EXCERPTED DATA:
---+---

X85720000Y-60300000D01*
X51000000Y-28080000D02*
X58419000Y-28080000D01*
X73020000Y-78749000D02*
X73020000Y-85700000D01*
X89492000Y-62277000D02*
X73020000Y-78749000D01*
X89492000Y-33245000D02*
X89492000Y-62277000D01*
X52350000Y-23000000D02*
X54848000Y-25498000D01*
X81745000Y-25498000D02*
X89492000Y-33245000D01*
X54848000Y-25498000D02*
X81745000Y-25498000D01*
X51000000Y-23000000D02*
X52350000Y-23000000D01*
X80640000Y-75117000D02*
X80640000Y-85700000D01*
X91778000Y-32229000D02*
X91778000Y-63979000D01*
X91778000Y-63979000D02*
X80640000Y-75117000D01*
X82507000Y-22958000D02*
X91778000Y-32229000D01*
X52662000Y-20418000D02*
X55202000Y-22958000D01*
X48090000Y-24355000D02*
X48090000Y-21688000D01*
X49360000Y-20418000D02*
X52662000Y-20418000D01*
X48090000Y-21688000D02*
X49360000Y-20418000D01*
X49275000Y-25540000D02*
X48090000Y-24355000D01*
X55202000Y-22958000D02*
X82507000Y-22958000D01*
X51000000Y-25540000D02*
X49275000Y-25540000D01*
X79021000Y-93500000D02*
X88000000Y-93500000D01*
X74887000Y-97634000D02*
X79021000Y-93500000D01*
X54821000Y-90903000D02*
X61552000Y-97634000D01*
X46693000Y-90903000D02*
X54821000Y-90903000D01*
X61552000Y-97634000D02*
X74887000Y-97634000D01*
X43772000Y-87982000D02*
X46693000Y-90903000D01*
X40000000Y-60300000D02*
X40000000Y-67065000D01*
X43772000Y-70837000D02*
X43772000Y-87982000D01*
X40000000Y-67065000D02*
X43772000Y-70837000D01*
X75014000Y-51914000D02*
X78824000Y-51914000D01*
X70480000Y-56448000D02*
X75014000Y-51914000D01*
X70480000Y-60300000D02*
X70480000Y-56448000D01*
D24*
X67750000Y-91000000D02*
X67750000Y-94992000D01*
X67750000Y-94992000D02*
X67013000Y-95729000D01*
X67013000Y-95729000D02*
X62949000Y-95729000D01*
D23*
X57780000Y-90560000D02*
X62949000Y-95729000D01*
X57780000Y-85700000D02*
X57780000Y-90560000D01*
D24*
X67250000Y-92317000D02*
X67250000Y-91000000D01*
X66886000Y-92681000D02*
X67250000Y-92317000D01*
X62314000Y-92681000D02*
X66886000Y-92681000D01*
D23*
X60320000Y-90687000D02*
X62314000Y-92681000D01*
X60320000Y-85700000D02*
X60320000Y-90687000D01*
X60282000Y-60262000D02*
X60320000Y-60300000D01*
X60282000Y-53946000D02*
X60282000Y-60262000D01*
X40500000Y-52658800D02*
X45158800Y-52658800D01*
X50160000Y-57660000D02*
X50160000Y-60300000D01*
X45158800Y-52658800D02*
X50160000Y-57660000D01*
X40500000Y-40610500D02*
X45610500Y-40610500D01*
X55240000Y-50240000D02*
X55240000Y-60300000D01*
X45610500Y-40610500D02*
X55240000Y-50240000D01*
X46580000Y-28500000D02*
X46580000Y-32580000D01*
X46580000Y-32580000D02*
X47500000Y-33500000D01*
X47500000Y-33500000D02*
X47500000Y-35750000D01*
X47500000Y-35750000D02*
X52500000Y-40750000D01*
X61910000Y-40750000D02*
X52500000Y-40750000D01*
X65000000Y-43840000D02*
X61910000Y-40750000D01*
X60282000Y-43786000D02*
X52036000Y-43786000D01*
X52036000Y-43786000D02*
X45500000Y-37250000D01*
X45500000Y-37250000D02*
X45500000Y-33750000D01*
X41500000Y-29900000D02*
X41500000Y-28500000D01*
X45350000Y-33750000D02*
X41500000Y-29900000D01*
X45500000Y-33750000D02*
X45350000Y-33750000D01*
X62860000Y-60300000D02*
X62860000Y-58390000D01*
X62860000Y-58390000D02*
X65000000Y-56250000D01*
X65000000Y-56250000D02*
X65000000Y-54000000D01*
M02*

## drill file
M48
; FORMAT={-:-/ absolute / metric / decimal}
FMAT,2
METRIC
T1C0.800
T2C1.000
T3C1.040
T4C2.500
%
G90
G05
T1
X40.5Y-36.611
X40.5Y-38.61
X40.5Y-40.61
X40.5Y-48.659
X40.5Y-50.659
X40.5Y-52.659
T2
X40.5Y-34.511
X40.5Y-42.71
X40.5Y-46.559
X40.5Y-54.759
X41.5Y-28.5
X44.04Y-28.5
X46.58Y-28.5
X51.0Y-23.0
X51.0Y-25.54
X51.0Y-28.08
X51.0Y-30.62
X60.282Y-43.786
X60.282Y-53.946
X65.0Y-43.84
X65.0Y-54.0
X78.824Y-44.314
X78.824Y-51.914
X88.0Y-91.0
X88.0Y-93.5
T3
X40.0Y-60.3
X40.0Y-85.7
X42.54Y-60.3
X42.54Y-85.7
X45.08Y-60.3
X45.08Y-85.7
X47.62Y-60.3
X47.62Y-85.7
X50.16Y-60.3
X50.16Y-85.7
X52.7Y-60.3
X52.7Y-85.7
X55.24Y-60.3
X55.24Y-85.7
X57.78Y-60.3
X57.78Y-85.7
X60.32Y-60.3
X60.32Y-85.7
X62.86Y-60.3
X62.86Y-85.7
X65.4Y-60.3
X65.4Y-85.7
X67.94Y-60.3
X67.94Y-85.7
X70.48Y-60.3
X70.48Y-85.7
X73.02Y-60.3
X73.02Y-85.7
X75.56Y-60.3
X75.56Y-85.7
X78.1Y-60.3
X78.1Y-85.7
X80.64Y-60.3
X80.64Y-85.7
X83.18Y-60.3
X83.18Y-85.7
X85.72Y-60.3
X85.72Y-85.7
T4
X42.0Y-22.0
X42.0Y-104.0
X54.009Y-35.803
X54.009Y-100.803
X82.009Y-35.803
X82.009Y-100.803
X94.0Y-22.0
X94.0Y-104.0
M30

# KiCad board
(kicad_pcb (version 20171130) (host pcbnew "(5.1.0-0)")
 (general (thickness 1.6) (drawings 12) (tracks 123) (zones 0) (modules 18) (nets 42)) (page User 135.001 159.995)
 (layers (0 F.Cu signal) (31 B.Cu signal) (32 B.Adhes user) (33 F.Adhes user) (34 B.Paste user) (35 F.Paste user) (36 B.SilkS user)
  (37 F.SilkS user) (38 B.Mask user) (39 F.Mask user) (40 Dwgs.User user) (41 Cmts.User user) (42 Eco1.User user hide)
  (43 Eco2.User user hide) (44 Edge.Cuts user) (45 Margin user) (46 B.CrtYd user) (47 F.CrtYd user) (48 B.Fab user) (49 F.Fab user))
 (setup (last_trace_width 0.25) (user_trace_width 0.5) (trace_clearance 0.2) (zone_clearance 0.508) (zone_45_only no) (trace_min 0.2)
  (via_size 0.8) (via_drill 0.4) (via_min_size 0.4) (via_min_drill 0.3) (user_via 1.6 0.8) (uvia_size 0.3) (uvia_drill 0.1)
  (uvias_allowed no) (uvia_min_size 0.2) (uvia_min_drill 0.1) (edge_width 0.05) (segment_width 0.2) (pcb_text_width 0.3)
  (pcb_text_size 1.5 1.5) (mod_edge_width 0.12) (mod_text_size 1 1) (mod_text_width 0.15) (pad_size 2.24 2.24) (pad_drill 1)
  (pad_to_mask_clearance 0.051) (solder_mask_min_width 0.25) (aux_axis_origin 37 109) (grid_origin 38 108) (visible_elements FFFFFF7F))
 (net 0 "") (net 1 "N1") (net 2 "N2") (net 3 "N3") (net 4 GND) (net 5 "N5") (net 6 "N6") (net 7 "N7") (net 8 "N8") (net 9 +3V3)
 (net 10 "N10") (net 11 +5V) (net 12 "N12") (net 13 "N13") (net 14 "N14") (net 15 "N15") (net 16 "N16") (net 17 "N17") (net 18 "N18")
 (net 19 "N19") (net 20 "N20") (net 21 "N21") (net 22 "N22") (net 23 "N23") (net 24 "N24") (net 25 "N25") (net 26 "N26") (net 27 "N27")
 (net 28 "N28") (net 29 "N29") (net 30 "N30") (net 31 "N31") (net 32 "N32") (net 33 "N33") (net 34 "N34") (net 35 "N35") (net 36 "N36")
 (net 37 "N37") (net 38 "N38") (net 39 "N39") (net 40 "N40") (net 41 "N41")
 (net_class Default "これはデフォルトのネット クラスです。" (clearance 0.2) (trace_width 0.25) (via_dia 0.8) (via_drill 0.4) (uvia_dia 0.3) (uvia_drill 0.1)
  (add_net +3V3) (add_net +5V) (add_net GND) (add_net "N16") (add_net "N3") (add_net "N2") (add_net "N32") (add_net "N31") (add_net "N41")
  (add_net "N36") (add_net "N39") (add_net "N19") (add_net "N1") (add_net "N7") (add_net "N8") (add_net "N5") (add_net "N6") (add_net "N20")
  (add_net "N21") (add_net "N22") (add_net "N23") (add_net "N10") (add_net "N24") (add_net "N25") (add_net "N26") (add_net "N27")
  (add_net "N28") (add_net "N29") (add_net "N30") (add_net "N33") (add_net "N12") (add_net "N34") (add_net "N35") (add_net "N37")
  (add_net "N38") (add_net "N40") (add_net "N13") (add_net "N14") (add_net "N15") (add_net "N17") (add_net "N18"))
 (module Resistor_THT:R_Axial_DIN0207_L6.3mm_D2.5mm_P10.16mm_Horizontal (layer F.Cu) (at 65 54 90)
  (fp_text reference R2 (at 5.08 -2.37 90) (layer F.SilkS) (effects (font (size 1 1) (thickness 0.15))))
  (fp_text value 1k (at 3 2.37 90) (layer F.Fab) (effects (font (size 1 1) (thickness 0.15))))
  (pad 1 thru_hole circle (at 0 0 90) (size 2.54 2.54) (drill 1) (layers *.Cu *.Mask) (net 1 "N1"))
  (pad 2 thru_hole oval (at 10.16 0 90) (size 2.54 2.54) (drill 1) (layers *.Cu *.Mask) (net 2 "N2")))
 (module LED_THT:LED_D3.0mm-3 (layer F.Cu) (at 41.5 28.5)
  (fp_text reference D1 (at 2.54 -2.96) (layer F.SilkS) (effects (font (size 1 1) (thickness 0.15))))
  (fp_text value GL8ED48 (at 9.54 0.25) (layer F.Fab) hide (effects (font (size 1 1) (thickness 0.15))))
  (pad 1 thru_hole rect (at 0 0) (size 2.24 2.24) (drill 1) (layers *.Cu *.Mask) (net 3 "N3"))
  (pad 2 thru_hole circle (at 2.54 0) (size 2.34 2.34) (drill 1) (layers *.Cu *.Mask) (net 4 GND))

---+---

TASK BRIEF:
What you return must be the lines above that run from the line with "X47.62Y-60.3" to the line with "(layers (0 F.Cu", inclusive, each copied exactly.

RESPONSE FOR THIS EXERCISE:
X47.62Y-60.3
X47.62Y-85.7
X50.16Y-60.3
X50.16Y-85.7
X52.7Y-60.3
X52.7Y-85.7
X55.24Y-60.3
X55.24Y-85.7
X57.78Y-60.3
X57.78Y-85.7
X60.32Y-60.3
X60.32Y-85.7
X62.86Y-60.3
X62.86Y-85.7
X65.4Y-60.3
X65.4Y-85.7
X67.94Y-60.3
X67.94Y-85.7
X70.48Y-60.3
X70.48Y-85.7
X73.02Y-60.3
X73.02Y-85.7
X75.56Y-60.3
X75.56Y-85.7
X78.1Y-60.3
X78.1Y-85.7
X80.64Y-60.3
X80.64Y-85.7
X83.18Y-60.3
X83.18Y-85.7
X85.72Y-60.3
X85.72Y-85.7
T4
X42.0Y-22.0
X42.0Y-104.0
X54.009Y-35.803
X54.009Y-100.803
X82.009Y-35.803
X82.009Y-100.803
X94.0Y-22.0
X94.0Y-104.0
M30

# KiCad board
(kicad_pcb (version 20171130) (host pcbnew "(5.1.0-0)")
 (general (thickness 1.6) (drawings 12) (tracks 123) (zones 0) (modules 18) (nets 42)) (page User 135.001 159.995)
 (layers (0 F.Cu signal) (31 B.Cu signal) (32 B.Adhes user) (33 F.Adhes user) (34 B.Paste user) (35 F.Paste user) (36 B.SilkS user)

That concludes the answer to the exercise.